2024-03-13 20:25:24.256168: I external/local_tsl/tsl/cuda/cudart_stub.cc:32] Could not find cuda drivers on your machine, GPU will not be used.
2024-03-13 20:25:24.297070: I tensorflow/core/platform/cpu_feature_guard.cc:210] This TensorFlow binary is optimized to use available CPU instructions in performance-critical operations.
To enable the following instructions: AVX2 FMA, in other operations, rebuild TensorFlow with the appropriate compiler flags.
2024-03-13 20:25:25.192678: W tensorflow/compiler/tf2tensorrt/utils/py_utils.cc:38] TF-TRT Warning: Could not find TensorRT
2024-03-13 20:25:25.843974: I external/local_xla/xla/stream_executor/cuda/cuda_executor.cc:998] successful NUMA node read from SysFS had negative value (-1), but there must be at least one NUMA node, so returning NUMA node zero. See more at https://github.com/torvalds/linux/blob/v6.0/Documentation/ABI/testing/sysfs-bus-pci#L344-L355
2024-03-13 20:25:25.844650: W tensorflow/core/common_runtime/gpu/gpu_device.cc:2251] Cannot dlopen some GPU libraries. Please make sure the missing libraries mentioned above are installed properly if you would like to use GPU. Follow the guide at https://www.tensorflow.org/install/gpu for how to download and setup the required libraries for your platform.

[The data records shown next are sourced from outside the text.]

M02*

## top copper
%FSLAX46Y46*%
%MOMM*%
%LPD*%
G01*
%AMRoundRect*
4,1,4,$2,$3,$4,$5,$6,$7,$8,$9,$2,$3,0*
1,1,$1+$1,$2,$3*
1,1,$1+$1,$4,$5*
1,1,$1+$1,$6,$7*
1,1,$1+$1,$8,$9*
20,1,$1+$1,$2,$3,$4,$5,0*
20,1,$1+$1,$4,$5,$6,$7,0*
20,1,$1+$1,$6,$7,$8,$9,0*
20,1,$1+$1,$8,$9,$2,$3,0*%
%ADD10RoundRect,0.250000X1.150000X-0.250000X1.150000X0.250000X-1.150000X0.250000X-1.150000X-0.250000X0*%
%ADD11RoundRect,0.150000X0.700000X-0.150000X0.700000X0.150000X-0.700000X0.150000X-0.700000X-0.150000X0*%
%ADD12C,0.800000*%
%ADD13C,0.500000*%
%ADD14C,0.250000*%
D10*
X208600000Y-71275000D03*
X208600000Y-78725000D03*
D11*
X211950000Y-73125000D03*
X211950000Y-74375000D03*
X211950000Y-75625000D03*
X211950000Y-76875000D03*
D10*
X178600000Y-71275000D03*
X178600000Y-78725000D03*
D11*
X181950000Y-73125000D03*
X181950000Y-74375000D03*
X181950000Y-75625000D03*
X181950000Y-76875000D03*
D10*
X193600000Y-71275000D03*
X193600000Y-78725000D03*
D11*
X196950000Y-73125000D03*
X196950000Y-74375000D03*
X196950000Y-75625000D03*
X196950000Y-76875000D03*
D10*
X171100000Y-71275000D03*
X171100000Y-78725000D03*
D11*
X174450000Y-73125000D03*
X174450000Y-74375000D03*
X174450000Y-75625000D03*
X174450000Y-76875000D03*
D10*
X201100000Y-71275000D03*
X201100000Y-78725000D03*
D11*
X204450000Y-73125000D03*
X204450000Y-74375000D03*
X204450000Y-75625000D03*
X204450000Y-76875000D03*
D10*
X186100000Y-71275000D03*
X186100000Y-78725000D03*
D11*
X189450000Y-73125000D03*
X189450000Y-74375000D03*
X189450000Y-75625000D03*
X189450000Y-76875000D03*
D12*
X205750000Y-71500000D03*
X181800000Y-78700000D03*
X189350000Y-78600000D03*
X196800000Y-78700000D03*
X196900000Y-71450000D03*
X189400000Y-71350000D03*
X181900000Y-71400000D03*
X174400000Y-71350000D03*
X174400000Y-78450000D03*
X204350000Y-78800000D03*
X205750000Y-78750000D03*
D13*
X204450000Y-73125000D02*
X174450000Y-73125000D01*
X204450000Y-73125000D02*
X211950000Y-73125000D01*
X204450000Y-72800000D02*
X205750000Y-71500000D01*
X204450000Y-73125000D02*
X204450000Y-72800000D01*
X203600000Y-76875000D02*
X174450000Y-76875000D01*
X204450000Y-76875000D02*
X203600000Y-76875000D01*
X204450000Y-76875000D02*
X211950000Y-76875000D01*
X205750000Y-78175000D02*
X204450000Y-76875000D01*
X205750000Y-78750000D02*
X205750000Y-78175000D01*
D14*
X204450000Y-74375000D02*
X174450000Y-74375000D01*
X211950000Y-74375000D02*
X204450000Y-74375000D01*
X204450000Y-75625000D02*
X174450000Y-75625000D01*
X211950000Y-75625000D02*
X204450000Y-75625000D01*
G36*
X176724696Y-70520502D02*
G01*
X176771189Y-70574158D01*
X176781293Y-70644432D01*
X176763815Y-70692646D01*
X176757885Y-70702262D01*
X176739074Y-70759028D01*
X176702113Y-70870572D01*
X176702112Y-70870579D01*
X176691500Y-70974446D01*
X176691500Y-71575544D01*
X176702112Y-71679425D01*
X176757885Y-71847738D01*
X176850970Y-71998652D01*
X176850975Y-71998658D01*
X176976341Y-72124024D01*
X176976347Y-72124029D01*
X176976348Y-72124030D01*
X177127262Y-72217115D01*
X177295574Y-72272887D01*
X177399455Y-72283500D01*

Skipping registering GPU devices...
dnf list installed | grep cuda
libcudnn8.x86_64 8.0.4.30-1.cuda11.1 @nvidia-machine-learning
libcudnn8-devel.x86_64 8.0.4.30-1.cuda11.1 @nvidia-machine-learning
libnccl.x86_64 2.8.3-1+cuda11.2 @nvidia-machine-learning
libnccl-devel.x86_64 2.8.3-1+cuda11.2 @nvidia-machine-learning
xorg-x11-drv-nvidia-470xx-cuda.x86_64 3:470.223.02-1.fc39 @rpmfusion-nonfree
xorg-x11-drv-nvidia-470xx-cuda-libs.x86_64 3:470.223.02-1.fc39 @rpmfusion-nonfree
find /usr/lib* -name "libcuda*"
/usr/lib64/libcuda.so.470.223.02
/usr/lib64/libcuda.so.1
/usr/lib64/libcuda.so
Also it is not a SELinunx issue since I set it to permissive - and there is no error log from SELinux.